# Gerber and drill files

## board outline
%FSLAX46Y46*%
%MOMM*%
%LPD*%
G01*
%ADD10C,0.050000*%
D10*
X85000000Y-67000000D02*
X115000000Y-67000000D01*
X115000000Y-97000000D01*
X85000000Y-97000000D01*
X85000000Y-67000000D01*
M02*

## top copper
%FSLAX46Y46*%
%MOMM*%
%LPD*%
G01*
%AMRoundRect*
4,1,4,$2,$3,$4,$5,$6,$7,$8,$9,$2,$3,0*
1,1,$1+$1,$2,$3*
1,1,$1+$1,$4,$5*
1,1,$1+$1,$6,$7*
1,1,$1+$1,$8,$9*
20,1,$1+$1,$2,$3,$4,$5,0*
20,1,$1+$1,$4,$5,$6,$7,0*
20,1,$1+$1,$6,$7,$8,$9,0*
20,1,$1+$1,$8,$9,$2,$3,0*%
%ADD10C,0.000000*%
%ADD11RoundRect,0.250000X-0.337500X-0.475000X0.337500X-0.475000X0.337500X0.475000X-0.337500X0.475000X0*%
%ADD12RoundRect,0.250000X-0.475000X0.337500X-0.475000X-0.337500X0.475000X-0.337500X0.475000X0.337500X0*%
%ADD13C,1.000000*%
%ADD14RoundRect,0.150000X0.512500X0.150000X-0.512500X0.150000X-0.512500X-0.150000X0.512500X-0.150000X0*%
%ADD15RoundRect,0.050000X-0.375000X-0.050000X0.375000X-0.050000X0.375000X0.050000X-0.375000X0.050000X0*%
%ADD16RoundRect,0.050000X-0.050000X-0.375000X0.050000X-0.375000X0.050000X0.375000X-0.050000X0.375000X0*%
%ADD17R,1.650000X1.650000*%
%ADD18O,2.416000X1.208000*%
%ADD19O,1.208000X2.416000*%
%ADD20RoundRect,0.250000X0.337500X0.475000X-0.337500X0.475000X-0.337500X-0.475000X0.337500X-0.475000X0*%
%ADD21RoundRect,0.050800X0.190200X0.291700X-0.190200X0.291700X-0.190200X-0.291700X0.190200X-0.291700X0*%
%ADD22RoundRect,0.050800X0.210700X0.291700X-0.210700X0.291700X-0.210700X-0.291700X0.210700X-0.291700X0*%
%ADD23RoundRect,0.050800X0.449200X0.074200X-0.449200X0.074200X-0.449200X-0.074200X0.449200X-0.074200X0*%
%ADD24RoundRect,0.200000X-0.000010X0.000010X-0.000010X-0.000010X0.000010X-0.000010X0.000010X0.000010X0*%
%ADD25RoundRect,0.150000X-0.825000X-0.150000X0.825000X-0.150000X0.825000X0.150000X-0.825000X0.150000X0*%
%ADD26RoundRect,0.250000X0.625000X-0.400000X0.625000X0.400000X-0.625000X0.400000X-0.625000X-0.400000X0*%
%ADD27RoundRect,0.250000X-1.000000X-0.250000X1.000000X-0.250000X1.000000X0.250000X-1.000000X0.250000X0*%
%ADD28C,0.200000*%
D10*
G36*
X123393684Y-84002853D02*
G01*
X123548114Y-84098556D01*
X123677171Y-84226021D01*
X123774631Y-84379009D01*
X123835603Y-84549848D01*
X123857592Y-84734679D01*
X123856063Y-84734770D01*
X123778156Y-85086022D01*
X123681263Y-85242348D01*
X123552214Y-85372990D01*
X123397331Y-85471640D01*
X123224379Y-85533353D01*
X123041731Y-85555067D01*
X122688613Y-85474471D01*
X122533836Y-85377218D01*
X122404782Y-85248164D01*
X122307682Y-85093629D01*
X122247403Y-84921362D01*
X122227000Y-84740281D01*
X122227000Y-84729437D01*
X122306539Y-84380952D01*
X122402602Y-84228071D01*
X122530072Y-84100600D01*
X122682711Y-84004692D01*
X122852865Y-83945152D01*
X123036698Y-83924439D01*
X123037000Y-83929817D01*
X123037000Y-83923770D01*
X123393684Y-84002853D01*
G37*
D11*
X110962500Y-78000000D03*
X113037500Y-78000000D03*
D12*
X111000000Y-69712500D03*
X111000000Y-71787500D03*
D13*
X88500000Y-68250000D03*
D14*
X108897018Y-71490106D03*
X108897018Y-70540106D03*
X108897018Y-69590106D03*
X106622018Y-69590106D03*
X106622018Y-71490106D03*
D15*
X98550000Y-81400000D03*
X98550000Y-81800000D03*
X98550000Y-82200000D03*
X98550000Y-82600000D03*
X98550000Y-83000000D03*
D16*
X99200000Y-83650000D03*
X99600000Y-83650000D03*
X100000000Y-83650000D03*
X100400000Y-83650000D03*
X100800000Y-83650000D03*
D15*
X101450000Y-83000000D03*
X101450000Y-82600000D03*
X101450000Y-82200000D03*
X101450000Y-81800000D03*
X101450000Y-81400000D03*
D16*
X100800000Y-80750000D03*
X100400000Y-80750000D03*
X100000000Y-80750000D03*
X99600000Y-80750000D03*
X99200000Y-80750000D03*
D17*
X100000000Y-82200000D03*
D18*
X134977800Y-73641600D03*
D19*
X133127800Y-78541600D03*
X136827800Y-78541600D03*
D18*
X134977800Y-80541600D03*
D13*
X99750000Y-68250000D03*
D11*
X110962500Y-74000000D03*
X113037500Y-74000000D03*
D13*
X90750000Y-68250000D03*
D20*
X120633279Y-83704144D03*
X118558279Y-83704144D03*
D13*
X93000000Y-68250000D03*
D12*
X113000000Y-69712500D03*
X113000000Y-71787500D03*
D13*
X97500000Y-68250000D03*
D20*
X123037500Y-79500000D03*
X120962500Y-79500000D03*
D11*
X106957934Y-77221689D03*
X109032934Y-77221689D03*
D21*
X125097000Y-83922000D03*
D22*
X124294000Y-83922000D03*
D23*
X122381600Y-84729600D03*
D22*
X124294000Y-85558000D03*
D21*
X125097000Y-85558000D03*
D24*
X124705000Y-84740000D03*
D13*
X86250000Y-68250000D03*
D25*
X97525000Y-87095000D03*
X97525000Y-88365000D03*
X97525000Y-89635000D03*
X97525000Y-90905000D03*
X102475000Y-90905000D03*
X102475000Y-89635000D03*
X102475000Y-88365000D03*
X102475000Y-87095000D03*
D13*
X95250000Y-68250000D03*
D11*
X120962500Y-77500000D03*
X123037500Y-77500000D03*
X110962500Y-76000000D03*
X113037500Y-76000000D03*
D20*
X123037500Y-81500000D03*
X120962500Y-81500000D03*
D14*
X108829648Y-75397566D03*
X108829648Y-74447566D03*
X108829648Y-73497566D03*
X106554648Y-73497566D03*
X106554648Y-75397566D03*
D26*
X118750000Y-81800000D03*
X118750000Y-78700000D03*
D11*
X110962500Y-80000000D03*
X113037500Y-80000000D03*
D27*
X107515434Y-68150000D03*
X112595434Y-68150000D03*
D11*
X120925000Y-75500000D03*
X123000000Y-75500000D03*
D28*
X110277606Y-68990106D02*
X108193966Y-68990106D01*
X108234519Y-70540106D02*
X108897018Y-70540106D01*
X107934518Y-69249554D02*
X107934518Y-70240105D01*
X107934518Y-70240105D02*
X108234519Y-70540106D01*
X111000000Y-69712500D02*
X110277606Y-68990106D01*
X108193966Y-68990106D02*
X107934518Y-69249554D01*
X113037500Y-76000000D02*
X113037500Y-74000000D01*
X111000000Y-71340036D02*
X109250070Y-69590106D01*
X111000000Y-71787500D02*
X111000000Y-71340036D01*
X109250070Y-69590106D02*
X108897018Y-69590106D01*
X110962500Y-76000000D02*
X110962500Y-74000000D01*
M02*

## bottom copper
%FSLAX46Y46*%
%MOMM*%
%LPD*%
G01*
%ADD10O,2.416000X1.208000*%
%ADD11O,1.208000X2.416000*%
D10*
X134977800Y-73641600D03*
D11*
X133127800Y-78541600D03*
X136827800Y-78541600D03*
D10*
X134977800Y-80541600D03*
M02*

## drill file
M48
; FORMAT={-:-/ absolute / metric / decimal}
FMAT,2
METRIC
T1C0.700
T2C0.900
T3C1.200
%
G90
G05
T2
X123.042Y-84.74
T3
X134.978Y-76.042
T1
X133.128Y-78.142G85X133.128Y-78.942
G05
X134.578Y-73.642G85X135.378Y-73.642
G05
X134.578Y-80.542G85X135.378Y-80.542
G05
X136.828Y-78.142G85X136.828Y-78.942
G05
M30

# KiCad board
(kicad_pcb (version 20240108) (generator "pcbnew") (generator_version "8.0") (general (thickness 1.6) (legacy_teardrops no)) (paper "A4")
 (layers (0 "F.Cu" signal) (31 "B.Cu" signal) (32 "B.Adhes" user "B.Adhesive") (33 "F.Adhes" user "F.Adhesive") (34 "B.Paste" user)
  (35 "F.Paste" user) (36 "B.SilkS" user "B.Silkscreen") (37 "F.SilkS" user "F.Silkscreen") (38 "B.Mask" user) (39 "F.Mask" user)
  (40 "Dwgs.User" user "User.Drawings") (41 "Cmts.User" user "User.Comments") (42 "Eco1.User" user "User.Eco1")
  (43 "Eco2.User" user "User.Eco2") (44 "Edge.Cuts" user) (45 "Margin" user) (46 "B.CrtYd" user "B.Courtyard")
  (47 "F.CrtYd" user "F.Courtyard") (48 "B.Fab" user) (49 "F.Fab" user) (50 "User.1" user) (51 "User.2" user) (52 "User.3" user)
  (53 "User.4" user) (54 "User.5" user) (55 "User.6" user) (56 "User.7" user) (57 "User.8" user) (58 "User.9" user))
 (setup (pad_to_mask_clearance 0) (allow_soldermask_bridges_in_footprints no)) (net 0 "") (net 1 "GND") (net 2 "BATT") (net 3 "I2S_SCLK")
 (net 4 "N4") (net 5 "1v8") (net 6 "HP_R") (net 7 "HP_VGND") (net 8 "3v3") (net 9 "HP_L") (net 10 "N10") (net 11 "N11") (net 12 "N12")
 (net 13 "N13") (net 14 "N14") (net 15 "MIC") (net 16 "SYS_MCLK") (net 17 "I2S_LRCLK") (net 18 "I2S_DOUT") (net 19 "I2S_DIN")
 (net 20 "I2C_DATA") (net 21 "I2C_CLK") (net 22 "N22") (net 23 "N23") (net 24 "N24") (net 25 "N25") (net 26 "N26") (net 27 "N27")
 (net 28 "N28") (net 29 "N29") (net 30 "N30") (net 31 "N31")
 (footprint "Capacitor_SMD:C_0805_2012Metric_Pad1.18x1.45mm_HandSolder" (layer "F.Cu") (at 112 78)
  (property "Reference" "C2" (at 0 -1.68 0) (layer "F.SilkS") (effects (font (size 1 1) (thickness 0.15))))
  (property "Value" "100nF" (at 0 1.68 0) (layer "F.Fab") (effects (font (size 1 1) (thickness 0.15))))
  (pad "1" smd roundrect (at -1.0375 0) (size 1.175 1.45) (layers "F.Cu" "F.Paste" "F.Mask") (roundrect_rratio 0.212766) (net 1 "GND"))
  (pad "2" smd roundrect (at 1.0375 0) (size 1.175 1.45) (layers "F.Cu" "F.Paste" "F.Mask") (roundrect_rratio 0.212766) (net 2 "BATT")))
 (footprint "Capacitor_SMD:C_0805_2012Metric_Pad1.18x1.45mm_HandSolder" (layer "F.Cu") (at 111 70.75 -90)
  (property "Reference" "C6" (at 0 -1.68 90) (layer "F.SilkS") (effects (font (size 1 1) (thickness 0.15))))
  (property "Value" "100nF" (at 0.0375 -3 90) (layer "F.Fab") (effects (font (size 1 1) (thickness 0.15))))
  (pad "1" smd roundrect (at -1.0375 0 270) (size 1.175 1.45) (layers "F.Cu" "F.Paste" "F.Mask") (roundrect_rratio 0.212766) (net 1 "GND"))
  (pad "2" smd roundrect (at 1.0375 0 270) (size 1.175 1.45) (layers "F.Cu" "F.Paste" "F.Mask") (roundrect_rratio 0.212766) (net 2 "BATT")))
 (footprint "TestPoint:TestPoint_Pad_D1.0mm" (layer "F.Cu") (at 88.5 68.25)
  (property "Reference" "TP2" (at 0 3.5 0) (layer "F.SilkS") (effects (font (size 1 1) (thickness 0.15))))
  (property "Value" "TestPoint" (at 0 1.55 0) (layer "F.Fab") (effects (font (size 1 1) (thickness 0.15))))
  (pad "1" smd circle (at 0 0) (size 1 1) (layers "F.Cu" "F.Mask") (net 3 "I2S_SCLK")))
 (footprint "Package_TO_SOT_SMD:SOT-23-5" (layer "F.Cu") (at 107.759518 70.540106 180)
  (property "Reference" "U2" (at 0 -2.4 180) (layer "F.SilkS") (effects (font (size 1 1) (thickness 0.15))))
----
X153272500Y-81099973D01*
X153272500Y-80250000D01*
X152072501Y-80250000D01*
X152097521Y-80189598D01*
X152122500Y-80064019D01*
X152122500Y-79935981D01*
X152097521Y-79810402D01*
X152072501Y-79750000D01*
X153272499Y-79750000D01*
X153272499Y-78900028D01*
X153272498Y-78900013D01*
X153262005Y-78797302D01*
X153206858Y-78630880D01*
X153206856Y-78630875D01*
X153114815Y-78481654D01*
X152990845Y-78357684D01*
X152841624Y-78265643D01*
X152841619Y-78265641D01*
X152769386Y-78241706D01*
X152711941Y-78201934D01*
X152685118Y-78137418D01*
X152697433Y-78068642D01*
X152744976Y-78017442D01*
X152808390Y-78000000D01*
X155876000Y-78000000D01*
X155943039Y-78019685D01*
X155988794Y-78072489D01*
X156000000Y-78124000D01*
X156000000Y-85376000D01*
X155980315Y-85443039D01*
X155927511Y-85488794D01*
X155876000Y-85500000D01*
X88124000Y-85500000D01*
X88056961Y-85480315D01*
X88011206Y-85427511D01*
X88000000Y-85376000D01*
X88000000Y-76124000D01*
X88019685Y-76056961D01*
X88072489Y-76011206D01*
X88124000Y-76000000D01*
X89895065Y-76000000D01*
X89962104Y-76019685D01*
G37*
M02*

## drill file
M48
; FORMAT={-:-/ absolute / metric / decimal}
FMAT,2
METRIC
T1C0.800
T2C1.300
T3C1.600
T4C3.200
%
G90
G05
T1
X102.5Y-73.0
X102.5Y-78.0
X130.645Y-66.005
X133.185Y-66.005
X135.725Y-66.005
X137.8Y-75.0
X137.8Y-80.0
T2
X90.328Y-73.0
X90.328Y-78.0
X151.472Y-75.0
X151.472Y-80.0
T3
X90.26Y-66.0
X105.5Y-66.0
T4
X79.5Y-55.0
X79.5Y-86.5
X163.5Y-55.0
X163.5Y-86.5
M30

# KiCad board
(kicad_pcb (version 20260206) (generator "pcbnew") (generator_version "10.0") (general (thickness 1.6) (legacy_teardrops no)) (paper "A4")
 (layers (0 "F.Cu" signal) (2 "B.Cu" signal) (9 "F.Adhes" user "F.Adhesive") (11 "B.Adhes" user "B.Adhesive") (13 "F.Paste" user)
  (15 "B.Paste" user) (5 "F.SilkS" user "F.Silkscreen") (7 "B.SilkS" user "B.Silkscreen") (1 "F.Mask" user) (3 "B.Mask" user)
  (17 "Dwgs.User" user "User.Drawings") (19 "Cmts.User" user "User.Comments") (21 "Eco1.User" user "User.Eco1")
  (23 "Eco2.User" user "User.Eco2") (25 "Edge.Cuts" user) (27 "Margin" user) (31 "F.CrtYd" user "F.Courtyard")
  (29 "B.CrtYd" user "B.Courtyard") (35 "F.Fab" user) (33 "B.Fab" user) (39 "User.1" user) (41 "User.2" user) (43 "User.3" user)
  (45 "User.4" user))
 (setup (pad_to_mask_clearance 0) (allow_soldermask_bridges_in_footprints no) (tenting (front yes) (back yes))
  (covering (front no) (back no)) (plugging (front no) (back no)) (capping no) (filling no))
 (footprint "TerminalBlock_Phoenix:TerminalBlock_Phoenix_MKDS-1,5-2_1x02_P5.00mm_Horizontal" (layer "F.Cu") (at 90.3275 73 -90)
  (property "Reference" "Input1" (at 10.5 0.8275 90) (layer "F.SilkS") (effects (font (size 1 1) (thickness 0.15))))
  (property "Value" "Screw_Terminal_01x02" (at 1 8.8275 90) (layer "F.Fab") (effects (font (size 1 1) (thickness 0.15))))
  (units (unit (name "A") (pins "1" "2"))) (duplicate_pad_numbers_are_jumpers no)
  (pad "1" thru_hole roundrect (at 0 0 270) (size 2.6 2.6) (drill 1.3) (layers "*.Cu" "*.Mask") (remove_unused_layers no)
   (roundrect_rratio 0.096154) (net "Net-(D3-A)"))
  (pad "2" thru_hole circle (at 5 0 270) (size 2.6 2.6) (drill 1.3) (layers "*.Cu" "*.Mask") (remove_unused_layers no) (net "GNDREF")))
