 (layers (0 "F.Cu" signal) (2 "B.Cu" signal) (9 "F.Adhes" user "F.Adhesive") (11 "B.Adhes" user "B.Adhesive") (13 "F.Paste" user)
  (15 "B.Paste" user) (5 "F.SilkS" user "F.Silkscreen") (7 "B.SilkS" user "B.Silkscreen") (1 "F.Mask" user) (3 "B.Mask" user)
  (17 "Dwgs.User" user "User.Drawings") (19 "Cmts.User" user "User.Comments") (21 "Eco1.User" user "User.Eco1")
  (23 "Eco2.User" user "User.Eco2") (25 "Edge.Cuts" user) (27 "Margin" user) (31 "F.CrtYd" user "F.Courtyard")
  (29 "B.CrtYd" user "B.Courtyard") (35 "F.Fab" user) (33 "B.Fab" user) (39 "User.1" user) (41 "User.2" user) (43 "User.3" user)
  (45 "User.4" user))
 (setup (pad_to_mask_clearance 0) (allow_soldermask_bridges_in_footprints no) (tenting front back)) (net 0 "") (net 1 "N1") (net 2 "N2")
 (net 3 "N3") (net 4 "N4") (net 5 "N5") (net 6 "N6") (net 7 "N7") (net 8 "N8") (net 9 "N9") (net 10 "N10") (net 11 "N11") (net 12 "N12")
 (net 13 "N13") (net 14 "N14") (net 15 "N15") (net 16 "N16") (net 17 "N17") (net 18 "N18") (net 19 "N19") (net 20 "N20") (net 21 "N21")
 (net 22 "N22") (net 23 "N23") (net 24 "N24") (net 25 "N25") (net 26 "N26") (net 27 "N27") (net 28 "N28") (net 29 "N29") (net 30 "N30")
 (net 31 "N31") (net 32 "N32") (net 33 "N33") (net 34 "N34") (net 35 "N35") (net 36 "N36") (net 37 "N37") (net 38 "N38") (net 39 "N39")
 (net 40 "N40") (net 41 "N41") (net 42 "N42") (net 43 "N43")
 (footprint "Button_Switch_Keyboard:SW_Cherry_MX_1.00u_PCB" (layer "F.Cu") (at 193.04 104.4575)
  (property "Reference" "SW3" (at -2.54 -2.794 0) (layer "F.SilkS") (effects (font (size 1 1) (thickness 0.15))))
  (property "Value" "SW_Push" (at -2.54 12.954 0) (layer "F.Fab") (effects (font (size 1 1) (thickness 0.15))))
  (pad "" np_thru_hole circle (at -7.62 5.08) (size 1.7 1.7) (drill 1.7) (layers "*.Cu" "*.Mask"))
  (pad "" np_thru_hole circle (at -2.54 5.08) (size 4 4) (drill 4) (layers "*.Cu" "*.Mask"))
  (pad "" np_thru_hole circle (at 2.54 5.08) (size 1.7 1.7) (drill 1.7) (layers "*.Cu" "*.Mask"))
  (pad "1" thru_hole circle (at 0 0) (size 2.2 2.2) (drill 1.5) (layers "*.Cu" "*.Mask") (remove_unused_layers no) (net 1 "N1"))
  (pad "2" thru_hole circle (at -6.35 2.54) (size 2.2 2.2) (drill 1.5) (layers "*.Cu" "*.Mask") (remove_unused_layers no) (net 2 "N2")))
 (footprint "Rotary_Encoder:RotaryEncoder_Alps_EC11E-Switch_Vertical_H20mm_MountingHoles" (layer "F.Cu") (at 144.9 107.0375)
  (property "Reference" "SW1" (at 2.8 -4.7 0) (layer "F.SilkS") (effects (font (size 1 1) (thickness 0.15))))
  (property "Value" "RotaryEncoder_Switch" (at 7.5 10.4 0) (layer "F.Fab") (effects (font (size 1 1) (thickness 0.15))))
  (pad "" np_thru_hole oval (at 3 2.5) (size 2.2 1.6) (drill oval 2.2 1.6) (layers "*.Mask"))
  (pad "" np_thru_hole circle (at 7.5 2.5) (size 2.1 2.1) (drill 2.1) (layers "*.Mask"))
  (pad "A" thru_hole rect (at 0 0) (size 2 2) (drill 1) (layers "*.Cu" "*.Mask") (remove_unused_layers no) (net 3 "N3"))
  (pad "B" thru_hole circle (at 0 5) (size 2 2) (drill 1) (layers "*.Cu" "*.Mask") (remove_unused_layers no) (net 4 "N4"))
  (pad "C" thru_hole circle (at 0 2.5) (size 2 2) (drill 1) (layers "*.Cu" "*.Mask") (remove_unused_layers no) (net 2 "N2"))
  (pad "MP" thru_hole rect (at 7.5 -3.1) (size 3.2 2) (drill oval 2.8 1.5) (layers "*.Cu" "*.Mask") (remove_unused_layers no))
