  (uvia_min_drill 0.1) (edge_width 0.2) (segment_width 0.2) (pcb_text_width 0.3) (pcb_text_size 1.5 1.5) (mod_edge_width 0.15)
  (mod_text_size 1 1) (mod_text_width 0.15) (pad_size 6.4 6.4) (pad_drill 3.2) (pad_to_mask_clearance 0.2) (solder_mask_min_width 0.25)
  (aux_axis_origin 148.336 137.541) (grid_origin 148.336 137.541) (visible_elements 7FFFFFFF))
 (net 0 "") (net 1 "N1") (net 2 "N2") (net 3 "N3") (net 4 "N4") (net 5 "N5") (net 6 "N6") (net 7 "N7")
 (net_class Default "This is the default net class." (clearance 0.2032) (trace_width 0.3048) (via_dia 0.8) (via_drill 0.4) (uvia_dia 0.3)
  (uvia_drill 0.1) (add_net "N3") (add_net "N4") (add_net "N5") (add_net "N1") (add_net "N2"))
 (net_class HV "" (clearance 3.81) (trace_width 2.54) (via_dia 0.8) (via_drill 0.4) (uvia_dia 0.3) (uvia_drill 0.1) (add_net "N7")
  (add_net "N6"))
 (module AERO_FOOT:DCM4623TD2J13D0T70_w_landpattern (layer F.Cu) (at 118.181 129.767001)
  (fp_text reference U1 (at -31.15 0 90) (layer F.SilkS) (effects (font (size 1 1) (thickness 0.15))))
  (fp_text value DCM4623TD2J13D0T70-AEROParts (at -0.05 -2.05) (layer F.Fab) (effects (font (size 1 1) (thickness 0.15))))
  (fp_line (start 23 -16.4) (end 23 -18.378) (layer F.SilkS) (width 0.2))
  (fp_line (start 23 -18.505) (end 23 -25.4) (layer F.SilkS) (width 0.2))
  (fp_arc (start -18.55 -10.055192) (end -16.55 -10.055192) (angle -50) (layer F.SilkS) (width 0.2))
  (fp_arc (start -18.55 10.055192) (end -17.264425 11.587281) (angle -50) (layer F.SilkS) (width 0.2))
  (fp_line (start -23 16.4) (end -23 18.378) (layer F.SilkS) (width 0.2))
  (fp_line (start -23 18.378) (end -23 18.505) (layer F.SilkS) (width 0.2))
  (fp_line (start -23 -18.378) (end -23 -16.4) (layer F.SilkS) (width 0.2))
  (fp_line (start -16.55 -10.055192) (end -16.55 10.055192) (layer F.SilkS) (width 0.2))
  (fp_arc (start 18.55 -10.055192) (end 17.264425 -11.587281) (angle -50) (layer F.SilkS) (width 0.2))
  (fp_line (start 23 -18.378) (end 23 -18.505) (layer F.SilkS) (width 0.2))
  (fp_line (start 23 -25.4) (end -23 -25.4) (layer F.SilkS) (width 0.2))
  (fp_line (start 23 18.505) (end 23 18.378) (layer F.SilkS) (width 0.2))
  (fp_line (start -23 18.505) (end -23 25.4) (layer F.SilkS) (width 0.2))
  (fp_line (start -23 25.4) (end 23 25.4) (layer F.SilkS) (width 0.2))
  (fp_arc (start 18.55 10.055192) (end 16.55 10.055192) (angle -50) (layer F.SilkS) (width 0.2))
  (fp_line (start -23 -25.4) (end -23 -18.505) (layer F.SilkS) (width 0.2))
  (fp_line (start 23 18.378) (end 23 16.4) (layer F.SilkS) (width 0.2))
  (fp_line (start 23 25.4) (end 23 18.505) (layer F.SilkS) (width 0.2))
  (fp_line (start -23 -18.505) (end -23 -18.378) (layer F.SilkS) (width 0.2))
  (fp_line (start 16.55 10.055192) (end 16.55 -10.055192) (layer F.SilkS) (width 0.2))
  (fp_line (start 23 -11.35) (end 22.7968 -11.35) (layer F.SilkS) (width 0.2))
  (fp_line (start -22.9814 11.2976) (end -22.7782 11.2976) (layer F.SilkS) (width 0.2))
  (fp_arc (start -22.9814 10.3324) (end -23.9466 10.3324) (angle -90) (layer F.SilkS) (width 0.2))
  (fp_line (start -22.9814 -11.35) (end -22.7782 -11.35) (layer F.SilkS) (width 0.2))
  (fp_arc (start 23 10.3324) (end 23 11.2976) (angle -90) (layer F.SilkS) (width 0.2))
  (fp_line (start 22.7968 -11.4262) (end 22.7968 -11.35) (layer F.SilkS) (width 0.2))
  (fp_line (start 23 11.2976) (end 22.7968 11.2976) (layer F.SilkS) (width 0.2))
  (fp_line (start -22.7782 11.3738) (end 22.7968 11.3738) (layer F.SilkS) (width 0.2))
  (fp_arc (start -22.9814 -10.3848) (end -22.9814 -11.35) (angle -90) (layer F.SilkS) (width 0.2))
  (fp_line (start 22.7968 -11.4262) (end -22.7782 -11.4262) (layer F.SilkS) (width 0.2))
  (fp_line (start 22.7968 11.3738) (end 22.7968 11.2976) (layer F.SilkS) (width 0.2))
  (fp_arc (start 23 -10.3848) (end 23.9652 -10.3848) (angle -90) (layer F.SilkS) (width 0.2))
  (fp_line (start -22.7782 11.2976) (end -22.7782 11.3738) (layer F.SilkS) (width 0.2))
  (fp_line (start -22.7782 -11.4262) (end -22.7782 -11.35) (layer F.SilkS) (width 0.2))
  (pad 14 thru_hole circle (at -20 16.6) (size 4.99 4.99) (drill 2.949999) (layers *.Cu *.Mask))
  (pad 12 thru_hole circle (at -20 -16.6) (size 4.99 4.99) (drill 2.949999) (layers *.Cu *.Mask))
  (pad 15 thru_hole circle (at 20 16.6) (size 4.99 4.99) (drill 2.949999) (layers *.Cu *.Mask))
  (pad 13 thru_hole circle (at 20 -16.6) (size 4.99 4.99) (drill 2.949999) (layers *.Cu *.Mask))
----
— Exercise prompt —
Would you retype the lines above from the one with "(fp_arc (start -18.55 10.055192)" down to the one with "(fp_line (start 23 11.2976)", word for word, both ends included and no other lines?

— Result of this exercise —
  (fp_arc (start -18.55 10.055192) (end -17.264425 11.587281) (angle -50) (layer F.SilkS) (width 0.2))
  (fp_line (start -23 16.4) (end -23 18.378) (layer F.SilkS) (width 0.2))
  (fp_line (start -23 18.378) (end -23 18.505) (layer F.SilkS) (width 0.2))
  (fp_line (start -23 -18.378) (end -23 -16.4) (layer F.SilkS) (width 0.2))
  (fp_line (start -16.55 -10.055192) (end -16.55 10.055192) (layer F.SilkS) (width 0.2))
  (fp_arc (start 18.55 -10.055192) (end 17.264425 -11.587281) (angle -50) (layer F.SilkS) (width 0.2))
  (fp_line (start 23 -18.378) (end 23 -18.505) (layer F.SilkS) (width 0.2))
  (fp_line (start 23 -25.4) (end -23 -25.4) (layer F.SilkS) (width 0.2))
  (fp_line (start 23 18.505) (end 23 18.378) (layer F.SilkS) (width 0.2))
  (fp_line (start -23 18.505) (end -23 25.4) (layer F.SilkS) (width 0.2))
  (fp_line (start -23 25.4) (end 23 25.4) (layer F.SilkS) (width 0.2))
  (fp_arc (start 18.55 10.055192) (end 16.55 10.055192) (angle -50) (layer F.SilkS) (width 0.2))
  (fp_line (start -23 -25.4) (end -23 -18.505) (layer F.SilkS) (width 0.2))
  (fp_line (start 23 18.378) (end 23 16.4) (layer F.SilkS) (width 0.2))
  (fp_line (start 23 25.4) (end 23 18.505) (layer F.SilkS) (width 0.2))
  (fp_line (start -23 -18.505) (end -23 -18.378) (layer F.SilkS) (width 0.2))
  (fp_line (start 16.55 10.055192) (end 16.55 -10.055192) (layer F.SilkS) (width 0.2))
  (fp_line (start 23 -11.35) (end 22.7968 -11.35) (layer F.SilkS) (width 0.2))
  (fp_line (start -22.9814 11.2976) (end -22.7782 11.2976) (layer F.SilkS) (width 0.2))
  (fp_arc (start -22.9814 10.3324) (end -23.9466 10.3324) (angle -90) (layer F.SilkS) (width 0.2))
  (fp_line (start -22.9814 -11.35) (end -22.7782 -11.35) (layer F.SilkS) (width 0.2))
  (fp_arc (start 23 10.3324) (end 23 11.2976) (angle -90) (layer F.SilkS) (width 0.2))
  (fp_line (start 22.7968 -11.4262) (end 22.7968 -11.35) (layer F.SilkS) (width 0.2))
  (fp_line (start 23 11.2976) (end 22.7968 11.2976) (layer F.SilkS) (width 0.2))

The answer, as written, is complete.